### [EXERCISE]
Keep every line in which "reference" occurs and drop the rest of the data.

### [PROVIDED DATA]
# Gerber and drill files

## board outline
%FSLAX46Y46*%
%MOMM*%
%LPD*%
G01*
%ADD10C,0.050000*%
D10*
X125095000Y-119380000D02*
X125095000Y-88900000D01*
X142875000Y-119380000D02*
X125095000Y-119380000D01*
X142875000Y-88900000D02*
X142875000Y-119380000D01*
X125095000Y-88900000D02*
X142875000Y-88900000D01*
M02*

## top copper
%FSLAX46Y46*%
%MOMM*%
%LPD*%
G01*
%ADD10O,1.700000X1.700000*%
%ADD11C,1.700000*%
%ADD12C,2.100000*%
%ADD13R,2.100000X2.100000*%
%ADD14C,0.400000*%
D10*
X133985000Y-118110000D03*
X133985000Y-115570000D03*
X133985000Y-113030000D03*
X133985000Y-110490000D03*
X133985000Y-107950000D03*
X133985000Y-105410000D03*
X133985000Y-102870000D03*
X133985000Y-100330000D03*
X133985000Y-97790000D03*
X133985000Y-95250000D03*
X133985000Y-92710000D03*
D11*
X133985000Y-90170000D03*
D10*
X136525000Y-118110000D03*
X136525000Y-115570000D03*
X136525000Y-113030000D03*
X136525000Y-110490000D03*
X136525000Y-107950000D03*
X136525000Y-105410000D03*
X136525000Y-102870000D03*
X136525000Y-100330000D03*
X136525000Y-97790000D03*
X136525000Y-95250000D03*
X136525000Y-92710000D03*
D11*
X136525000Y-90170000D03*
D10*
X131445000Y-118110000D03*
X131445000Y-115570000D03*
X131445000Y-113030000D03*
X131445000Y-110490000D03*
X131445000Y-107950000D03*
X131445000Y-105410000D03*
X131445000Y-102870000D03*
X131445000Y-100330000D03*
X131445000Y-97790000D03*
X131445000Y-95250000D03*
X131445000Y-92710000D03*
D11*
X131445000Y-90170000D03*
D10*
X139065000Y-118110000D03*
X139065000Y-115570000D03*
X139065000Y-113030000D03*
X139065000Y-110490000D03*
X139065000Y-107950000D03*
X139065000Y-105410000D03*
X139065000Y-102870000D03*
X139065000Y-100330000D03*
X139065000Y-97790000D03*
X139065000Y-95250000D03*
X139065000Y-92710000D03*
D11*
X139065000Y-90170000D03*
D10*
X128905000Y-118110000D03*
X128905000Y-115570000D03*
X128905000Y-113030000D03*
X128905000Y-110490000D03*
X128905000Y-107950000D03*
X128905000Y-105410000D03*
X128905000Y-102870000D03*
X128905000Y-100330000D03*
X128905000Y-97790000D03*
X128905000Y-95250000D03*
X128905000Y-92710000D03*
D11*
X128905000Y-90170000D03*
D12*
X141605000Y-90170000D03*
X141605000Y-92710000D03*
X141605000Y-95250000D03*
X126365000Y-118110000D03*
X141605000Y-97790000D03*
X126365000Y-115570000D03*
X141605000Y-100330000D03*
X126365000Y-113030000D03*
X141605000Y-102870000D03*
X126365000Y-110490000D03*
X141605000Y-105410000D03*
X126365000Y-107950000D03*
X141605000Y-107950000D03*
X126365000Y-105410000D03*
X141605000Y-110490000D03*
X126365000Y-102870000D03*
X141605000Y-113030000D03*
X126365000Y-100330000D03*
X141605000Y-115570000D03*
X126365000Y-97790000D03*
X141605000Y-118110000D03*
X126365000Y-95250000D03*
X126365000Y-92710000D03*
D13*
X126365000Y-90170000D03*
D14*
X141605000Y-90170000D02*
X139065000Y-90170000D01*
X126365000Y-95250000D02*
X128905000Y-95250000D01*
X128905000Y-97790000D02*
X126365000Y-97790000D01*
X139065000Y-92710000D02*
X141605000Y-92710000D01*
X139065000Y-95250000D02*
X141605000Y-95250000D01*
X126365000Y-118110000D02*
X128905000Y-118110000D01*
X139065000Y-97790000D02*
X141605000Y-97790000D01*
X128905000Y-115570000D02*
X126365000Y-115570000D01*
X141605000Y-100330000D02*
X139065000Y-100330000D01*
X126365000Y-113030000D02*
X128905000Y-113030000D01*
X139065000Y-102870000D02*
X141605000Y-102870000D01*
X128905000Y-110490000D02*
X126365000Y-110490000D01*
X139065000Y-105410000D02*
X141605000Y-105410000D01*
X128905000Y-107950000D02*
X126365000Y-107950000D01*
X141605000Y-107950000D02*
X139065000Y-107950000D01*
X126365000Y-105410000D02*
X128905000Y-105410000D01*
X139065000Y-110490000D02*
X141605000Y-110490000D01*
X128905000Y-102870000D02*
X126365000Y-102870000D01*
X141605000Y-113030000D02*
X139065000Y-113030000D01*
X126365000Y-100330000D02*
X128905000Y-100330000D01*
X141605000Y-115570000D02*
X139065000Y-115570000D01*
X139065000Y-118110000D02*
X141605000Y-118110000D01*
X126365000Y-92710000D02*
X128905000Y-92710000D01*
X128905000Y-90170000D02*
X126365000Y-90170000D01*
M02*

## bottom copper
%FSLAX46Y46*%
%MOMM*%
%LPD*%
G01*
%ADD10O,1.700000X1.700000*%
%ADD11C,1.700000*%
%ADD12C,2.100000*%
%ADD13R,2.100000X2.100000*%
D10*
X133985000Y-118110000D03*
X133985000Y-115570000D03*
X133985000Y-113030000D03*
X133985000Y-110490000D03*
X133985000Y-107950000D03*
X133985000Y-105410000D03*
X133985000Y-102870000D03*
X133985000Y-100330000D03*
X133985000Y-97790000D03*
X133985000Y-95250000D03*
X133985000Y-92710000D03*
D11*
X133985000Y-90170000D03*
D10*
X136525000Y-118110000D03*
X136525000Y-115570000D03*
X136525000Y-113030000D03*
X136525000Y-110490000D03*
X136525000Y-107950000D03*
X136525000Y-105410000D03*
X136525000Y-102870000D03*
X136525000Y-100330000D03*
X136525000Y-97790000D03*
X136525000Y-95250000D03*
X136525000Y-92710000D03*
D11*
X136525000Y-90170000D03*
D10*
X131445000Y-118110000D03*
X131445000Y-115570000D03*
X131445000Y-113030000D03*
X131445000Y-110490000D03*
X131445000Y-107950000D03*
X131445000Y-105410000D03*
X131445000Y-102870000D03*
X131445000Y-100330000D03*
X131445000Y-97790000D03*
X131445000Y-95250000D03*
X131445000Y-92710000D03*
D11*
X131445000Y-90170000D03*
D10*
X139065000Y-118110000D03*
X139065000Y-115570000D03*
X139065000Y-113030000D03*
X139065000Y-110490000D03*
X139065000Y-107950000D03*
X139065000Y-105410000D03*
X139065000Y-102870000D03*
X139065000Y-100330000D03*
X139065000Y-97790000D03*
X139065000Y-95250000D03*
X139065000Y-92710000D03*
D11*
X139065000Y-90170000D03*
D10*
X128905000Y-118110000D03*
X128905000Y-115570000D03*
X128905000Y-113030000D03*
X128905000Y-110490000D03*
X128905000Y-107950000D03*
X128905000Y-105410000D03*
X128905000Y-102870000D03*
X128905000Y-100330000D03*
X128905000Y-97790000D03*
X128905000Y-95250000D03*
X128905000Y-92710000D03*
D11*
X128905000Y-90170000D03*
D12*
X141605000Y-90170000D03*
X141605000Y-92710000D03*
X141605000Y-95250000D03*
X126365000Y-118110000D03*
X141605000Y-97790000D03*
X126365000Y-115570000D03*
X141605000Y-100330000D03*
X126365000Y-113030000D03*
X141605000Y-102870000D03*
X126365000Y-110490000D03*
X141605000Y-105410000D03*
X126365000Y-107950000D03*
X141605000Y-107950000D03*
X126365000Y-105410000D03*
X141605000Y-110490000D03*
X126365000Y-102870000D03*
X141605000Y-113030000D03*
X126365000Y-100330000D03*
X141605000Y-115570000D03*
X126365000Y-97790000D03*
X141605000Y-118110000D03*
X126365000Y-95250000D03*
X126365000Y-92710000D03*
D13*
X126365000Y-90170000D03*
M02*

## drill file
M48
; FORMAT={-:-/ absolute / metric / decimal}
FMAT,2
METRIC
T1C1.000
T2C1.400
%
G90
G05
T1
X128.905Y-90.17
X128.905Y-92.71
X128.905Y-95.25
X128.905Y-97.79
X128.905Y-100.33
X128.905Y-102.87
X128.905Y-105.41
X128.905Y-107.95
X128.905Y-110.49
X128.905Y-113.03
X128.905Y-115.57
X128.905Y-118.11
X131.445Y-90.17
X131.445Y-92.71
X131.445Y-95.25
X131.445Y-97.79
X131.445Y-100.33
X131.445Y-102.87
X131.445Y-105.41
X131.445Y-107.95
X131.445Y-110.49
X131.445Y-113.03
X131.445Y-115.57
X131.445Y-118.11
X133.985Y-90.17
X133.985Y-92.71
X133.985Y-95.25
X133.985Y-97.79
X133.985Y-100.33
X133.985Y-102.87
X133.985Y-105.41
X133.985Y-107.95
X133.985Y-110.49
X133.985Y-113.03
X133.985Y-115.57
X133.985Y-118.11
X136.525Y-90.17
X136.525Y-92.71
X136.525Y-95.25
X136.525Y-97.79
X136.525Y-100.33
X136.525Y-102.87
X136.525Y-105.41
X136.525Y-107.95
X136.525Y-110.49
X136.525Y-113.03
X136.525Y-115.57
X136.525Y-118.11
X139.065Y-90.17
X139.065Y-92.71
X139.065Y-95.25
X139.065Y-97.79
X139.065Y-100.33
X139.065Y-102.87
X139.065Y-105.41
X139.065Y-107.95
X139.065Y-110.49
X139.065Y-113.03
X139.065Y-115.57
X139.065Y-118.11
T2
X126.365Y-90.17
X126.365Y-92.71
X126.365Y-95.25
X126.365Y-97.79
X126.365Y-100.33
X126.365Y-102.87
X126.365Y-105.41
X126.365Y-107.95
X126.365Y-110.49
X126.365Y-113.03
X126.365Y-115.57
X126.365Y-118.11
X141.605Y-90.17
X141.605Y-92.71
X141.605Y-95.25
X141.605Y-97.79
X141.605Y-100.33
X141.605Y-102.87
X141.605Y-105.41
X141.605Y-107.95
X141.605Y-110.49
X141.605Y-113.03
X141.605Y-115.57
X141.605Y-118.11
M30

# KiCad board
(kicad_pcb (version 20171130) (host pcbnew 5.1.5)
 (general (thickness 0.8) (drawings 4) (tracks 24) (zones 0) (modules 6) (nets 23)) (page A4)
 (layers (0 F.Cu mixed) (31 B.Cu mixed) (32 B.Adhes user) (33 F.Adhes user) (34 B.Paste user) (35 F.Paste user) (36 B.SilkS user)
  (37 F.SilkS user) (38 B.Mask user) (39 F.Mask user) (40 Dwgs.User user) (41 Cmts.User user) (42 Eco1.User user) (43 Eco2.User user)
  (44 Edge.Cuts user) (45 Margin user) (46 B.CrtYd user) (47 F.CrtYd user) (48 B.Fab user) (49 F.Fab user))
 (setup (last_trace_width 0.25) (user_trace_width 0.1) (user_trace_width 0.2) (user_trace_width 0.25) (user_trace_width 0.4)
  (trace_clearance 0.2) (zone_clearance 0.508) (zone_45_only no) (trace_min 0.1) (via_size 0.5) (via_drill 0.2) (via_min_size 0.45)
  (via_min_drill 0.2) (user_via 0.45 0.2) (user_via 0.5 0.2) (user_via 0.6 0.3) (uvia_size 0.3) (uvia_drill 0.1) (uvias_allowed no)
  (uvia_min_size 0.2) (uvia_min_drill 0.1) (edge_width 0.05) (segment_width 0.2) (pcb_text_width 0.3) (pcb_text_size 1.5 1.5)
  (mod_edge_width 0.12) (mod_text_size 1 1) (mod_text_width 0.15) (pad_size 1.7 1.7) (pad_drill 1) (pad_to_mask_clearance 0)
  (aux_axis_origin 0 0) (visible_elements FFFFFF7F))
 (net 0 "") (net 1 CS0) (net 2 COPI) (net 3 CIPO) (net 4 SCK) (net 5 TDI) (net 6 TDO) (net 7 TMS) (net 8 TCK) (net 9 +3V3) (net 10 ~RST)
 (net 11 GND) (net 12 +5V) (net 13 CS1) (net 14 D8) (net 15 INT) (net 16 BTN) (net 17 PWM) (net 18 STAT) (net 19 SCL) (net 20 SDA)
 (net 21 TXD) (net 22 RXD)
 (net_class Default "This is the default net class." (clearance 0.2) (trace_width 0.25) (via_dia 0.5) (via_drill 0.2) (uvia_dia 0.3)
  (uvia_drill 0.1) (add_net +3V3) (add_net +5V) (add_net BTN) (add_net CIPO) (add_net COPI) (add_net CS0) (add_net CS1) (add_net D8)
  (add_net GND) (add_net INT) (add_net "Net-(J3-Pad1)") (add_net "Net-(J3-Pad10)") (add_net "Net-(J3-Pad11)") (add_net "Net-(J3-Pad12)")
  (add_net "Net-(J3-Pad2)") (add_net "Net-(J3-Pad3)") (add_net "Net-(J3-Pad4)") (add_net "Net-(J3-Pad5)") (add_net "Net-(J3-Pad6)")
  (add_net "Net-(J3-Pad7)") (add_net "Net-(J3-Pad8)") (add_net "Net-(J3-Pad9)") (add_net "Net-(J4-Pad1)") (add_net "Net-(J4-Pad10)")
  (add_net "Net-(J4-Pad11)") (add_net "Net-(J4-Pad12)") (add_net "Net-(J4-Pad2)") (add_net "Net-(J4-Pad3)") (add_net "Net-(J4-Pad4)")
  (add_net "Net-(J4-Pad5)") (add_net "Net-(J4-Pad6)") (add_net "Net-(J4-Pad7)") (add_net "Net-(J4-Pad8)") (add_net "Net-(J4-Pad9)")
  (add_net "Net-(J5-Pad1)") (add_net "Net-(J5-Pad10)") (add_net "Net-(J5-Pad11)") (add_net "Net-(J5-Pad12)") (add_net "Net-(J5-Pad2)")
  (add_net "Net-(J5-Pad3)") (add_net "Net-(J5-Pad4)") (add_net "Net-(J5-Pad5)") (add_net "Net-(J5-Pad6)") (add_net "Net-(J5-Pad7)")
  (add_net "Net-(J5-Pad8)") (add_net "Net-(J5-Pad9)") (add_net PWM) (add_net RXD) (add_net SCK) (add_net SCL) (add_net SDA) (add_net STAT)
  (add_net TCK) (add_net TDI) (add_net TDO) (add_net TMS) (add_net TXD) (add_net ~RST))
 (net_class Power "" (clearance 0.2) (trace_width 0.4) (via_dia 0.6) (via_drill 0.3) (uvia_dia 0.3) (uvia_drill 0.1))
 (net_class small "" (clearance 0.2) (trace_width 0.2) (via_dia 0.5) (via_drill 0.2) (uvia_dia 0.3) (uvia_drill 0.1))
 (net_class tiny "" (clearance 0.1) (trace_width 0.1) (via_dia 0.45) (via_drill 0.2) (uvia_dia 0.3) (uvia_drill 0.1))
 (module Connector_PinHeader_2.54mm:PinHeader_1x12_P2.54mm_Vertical (layer F.Cu) (at 133.985 90.17)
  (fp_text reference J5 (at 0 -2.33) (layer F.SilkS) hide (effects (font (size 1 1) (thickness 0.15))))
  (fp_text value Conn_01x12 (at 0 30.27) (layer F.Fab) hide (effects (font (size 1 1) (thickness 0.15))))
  (pad 12 thru_hole oval (at 0 27.94) (size 1.7 1.7) (drill 1) (layers *.Cu *.Mask))
  (pad 11 thru_hole oval (at 0 25.4) (size 1.7 1.7) (drill 1) (layers *.Cu *.Mask))
  (pad 10 thru_hole oval (at 0 22.86) (size 1.7 1.7) (drill 1) (layers *.Cu *.Mask))
  (pad 9 thru_hole oval (at 0 20.32) (size 1.7 1.7) (drill 1) (layers *.Cu *.Mask))
  (pad 8 thru_hole oval (at 0 17.78) (size 1.7 1.7) (drill 1) (layers *.Cu *.Mask))
  (pad 7 thru_hole oval (at 0 15.24) (size 1.7 1.7) (drill 1) (layers *.Cu *.Mask))
  (pad 6 thru_hole oval (at 0 12.7) (size 1.7 1.7) (drill 1) (layers *.Cu *.Mask))
  (pad 5 thru_hole oval (at 0 10.16) (size 1.7 1.7) (drill 1) (layers *.Cu *.Mask))
  (pad 4 thru_hole oval (at 0 7.62) (size 1.7 1.7) (drill 1) (layers *.Cu *.Mask))
  (pad 3 thru_hole oval (at 0 5.08) (size 1.7 1.7) (drill 1) (layers *.Cu *.Mask))
  (pad 2 thru_hole oval (at 0 2.54) (size 1.7 1.7) (drill 1) (layers *.Cu *.Mask))
  (pad 1 thru_hole circle (at 0 0) (size 1.7 1.7) (drill 1) (layers *.Cu *.Mask)))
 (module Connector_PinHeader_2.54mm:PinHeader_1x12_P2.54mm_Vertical (layer F.Cu) (at 136.525 90.17)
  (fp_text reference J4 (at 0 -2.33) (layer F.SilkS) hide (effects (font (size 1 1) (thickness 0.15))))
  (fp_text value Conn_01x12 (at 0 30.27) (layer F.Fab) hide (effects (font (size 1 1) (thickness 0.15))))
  (pad 12 thru_hole oval (at 0 27.94) (size 1.7 1.7) (drill 1) (layers *.Cu *.Mask))
  (pad 11 thru_hole oval (at 0 25.4) (size 1.7 1.7) (drill 1) (layers *.Cu *.Mask))
  (pad 10 thru_hole oval (at 0 22.86) (size 1.7 1.7) (drill 1) (layers *.Cu *.Mask))
  (pad 9 thru_hole oval (at 0 20.32) (size 1.7 1.7) (drill 1) (layers *.Cu *.Mask))
  (pad 8 thru_hole oval (at 0 17.78) (size 1.7 1.7) (drill 1) (layers *.Cu *.Mask))
  (pad 7 thru_hole oval (at 0 15.24) (size 1.7 1.7) (drill 1) (layers *.Cu *.Mask))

### [TASK SOLUTION]
  (fp_text reference J5 (at 0 -2.33) (layer F.SilkS) hide (effects (font (size 1 1) (thickness 0.15))))
  (fp_text reference J4 (at 0 -2.33) (layer F.SilkS) hide (effects (font (size 1 1) (thickness 0.15))))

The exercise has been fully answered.